Extracted records
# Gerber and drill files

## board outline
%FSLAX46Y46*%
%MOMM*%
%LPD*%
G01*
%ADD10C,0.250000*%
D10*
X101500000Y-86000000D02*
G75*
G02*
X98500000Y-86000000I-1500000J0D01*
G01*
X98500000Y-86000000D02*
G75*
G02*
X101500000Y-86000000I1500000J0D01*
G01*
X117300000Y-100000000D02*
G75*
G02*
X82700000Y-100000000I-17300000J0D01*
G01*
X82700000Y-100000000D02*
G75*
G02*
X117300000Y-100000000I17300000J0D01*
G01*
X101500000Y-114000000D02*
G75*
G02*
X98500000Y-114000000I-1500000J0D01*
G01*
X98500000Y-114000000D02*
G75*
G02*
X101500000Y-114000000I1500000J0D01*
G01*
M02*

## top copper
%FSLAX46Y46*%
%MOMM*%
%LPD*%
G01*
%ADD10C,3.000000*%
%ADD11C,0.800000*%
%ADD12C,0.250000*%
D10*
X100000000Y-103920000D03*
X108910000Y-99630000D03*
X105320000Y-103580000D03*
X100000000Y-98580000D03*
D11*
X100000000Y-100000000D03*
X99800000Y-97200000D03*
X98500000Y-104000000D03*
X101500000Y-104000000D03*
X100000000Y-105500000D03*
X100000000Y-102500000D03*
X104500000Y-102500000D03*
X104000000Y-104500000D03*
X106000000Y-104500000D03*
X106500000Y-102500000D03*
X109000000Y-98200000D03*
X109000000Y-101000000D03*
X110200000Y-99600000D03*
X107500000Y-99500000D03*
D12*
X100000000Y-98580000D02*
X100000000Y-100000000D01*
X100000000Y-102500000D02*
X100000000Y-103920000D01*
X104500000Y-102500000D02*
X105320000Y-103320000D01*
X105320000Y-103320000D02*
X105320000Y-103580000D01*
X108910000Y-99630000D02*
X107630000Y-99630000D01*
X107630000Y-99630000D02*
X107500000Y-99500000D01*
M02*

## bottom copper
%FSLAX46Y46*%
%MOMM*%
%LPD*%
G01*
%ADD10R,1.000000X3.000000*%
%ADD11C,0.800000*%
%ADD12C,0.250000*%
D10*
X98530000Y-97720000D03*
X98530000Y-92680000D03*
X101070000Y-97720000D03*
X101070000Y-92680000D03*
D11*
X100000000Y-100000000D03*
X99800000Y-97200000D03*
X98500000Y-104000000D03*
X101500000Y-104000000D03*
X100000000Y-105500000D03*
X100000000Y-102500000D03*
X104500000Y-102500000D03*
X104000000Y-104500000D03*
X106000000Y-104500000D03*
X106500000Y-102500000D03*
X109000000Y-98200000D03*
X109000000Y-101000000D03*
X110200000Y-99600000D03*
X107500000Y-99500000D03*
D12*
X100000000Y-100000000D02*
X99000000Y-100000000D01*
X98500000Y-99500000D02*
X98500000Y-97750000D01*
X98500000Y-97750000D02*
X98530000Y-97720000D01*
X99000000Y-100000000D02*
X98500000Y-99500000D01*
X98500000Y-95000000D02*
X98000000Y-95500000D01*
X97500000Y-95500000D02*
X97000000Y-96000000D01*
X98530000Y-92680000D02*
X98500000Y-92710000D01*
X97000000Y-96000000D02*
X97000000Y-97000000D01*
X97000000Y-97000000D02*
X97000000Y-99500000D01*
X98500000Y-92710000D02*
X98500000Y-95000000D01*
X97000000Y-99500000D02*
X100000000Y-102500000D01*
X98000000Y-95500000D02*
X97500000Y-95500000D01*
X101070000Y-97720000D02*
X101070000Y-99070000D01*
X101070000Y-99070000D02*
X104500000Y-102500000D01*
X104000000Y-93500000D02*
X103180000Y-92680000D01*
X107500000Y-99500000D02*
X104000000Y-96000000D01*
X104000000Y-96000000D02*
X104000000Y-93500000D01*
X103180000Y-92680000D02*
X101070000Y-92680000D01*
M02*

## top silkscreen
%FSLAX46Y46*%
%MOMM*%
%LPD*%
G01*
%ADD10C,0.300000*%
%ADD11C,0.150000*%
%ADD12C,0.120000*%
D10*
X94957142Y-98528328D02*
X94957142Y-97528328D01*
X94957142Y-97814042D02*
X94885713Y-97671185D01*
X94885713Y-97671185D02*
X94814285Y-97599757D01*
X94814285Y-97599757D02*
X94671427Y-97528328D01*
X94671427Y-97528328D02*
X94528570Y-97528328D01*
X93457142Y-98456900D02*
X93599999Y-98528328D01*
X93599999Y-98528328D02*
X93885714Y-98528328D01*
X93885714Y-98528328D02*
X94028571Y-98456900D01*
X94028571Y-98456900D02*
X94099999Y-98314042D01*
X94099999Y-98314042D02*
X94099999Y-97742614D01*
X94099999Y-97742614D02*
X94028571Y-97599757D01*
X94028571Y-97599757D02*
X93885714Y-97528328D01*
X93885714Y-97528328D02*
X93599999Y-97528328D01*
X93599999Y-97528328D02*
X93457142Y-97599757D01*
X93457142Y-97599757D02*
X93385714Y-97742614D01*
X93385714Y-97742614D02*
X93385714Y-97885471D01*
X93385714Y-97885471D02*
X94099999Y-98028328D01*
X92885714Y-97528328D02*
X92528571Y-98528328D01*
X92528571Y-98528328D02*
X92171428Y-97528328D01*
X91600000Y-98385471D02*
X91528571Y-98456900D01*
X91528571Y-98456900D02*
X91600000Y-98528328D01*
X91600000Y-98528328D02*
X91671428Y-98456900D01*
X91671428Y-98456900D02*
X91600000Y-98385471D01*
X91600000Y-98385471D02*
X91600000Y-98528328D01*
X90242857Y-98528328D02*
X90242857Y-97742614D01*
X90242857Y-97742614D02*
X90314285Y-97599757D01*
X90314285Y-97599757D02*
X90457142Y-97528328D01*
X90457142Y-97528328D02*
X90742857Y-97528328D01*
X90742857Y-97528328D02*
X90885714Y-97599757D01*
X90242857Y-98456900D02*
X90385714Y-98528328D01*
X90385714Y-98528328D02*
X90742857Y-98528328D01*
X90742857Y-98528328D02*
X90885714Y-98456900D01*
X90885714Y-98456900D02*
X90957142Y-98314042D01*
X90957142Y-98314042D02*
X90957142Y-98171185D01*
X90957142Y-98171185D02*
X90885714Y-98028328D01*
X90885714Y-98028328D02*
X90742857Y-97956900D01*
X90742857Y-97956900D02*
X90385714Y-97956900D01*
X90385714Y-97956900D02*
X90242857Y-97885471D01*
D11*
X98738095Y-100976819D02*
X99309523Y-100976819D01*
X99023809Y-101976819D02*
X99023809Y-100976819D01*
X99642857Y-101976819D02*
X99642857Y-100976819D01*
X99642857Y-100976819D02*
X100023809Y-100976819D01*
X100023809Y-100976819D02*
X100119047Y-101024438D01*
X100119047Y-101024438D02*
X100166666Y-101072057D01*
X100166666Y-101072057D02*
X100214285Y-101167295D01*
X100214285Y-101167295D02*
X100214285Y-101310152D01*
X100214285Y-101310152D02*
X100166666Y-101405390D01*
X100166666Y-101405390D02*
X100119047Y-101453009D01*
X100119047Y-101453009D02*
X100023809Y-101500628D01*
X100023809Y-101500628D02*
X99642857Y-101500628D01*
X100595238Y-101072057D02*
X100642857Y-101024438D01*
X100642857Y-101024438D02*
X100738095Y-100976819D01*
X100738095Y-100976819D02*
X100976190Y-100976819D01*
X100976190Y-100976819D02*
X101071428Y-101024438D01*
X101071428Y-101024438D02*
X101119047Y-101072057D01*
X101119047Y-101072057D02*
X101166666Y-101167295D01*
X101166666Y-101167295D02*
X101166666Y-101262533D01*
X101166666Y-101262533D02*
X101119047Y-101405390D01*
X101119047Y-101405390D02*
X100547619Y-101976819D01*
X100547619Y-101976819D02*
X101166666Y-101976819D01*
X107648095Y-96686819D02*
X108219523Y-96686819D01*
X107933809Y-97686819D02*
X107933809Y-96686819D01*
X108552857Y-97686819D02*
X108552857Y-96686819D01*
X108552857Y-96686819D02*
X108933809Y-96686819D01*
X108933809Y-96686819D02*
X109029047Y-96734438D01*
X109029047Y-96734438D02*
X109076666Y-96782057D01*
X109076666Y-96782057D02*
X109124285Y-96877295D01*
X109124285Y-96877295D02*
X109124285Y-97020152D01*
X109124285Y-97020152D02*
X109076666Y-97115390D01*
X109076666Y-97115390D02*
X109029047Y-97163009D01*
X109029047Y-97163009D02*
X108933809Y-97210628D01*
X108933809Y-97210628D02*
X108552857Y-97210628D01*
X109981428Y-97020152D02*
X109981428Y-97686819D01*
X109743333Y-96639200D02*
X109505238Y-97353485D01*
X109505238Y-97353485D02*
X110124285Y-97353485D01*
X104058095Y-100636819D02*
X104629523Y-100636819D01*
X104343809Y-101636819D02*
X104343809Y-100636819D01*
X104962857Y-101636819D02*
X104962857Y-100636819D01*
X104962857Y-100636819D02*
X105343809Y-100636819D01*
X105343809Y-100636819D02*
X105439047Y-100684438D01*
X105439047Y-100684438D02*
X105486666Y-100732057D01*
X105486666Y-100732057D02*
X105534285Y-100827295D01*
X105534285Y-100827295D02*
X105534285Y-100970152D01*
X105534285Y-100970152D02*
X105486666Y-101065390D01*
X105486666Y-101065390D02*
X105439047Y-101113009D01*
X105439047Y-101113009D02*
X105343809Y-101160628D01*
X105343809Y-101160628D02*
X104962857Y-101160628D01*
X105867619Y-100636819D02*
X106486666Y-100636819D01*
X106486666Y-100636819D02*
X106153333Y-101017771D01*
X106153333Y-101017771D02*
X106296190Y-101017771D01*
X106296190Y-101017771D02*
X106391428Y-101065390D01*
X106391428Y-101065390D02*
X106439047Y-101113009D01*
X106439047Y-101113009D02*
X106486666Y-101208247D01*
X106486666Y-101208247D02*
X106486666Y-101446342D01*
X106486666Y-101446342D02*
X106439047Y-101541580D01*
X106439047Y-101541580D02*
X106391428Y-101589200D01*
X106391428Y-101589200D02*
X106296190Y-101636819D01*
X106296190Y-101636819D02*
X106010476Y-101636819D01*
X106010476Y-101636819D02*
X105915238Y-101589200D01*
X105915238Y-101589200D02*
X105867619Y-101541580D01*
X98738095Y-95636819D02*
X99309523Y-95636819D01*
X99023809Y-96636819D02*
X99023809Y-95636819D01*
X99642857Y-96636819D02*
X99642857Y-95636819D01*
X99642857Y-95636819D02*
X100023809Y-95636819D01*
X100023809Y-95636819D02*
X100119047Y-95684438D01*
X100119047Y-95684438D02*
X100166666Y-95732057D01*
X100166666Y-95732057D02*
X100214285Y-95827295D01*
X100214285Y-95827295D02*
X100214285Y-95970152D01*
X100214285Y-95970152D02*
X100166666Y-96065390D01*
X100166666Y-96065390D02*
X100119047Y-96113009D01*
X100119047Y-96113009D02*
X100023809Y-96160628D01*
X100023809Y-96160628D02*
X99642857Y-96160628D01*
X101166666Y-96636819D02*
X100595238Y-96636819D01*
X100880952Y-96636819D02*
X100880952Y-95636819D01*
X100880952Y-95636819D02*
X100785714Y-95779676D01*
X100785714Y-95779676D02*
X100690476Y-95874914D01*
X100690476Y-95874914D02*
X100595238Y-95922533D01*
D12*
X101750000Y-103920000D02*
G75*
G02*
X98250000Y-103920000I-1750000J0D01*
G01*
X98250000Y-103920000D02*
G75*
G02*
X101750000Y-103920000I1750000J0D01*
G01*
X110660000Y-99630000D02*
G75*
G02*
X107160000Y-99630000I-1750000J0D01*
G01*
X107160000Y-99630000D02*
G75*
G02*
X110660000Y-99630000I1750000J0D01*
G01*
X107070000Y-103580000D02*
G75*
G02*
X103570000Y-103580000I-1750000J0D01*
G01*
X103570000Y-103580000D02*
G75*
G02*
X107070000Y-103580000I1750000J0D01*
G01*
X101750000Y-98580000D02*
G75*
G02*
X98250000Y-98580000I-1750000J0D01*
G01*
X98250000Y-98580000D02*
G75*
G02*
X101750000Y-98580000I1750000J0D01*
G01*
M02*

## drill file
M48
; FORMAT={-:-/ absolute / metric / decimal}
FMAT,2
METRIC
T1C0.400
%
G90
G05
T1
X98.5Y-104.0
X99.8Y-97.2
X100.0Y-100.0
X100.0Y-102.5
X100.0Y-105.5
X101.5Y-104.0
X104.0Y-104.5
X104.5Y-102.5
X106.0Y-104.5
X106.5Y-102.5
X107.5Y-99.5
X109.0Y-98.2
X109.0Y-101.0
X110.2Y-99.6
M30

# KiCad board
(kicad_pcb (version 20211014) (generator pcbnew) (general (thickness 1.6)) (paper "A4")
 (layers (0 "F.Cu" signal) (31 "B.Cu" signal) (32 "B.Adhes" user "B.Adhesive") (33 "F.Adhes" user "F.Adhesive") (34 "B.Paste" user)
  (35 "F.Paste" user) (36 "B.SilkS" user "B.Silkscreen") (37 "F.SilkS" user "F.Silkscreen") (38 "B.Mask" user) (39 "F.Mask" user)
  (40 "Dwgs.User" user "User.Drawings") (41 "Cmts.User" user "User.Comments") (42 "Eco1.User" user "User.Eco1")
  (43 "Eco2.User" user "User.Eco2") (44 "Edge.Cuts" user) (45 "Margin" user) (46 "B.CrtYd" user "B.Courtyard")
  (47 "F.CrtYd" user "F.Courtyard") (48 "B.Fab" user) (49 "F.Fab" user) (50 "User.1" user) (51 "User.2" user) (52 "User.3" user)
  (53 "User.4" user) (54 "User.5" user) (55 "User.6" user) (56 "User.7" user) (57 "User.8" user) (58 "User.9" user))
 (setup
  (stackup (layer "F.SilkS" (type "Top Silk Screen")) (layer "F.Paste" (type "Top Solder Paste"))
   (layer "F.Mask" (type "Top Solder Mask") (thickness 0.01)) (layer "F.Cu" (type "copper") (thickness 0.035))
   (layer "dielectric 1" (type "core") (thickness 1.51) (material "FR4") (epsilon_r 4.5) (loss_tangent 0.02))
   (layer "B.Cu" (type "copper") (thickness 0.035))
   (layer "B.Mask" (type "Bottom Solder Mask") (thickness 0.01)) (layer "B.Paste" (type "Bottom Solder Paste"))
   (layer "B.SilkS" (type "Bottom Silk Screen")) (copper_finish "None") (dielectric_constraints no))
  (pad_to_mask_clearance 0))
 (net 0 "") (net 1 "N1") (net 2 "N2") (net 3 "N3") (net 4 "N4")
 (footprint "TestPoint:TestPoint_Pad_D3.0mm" (layer "F.Cu") (at 100 103.92)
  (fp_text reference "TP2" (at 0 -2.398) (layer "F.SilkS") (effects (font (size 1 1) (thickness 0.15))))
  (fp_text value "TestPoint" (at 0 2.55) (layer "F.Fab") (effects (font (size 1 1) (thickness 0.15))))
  (fp_circle (center 0 0) (end 0 1.75) (layer "F.SilkS") (width 0.12) (fill none))
  (pad "1" smd circle (at 0 0) (size 3 3) (layers "F.Cu" "F.Mask") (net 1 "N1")))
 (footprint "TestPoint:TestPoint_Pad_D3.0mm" (layer "F.Cu") (at 108.91 99.63)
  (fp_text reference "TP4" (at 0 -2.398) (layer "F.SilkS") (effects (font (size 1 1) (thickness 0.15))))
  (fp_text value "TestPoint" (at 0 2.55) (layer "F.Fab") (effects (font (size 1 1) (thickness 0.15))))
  (fp_circle (center 0 0) (end 0 1.75) (layer "F.SilkS") (width 0.12) (fill none))
  (pad "1" smd circle (at 0 0) (size 3 3) (layers "F.Cu" "F.Mask") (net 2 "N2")))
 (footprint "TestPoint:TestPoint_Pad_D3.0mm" (layer "F.Cu") (at 105.32 103.58)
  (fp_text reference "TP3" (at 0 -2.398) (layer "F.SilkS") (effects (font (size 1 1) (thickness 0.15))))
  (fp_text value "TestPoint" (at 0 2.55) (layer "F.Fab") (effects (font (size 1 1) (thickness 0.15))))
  (fp_circle (center 0 0) (end 0 1.75) (layer "F.SilkS") (width 0.12) (fill none))
  (pad "1" smd circle (at 0 0) (size 3 3) (layers "F.Cu" "F.Mask") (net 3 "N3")))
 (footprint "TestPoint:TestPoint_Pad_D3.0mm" (layer "F.Cu") (at 100 98.58)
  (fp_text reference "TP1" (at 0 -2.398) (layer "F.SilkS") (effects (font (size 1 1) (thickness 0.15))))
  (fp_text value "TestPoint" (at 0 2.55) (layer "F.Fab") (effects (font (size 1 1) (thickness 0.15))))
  (fp_circle (center 0 0) (end 0 1.75) (layer "F.SilkS") (width 0.12) (fill none))
  (pad "1" smd circle (at 0 0) (size 3 3) (layers "F.Cu" "F.Mask") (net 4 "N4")))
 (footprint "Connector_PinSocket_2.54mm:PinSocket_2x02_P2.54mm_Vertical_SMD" (layer "B.Cu") (at 99.8 95.2 -90)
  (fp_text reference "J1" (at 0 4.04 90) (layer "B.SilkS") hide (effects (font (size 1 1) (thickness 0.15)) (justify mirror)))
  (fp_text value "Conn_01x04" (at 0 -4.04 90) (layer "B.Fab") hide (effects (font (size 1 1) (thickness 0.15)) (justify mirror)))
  (pad "1" smd rect (at 2.52 1.27 270) (size 3 1) (layers "B.Cu" "B.Paste" "B.Mask") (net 4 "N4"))
  (pad "2" smd rect (at -2.52 1.27 270) (size 3 1) (layers "B.Cu" "B.Paste" "B.Mask") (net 1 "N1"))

[EXERCISE BRIEF] In the entries above, find the line with "X93457142Y-97599757D02*" and the line with "X90742857Y-97528328D01*", then set down exactly those two and every line between them, nothing else.

[EXERCISE RESPONSE]
X93457142Y-97599757D02*
X93385714Y-97742614D01*
X93385714Y-97742614D02*
X93385714Y-97885471D01*
X93385714Y-97885471D02*
X94099999Y-98028328D01*
X92885714Y-97528328D02*
X92528571Y-98528328D01*
X92528571Y-98528328D02*
X92171428Y-97528328D01*
X91600000Y-98385471D02*
X91528571Y-98456900D01*
X91528571Y-98456900D02*
X91600000Y-98528328D01*
X91600000Y-98528328D02*
X91671428Y-98456900D01*
X91671428Y-98456900D02*
X91600000Y-98385471D01*
X91600000Y-98385471D02*
X91600000Y-98528328D01*
X90242857Y-98528328D02*
X90242857Y-97742614D01*
X90242857Y-97742614D02*
X90314285Y-97599757D01*
X90314285Y-97599757D02*
X90457142Y-97528328D01*
X90457142Y-97528328D02*
X90742857Y-97528328D01*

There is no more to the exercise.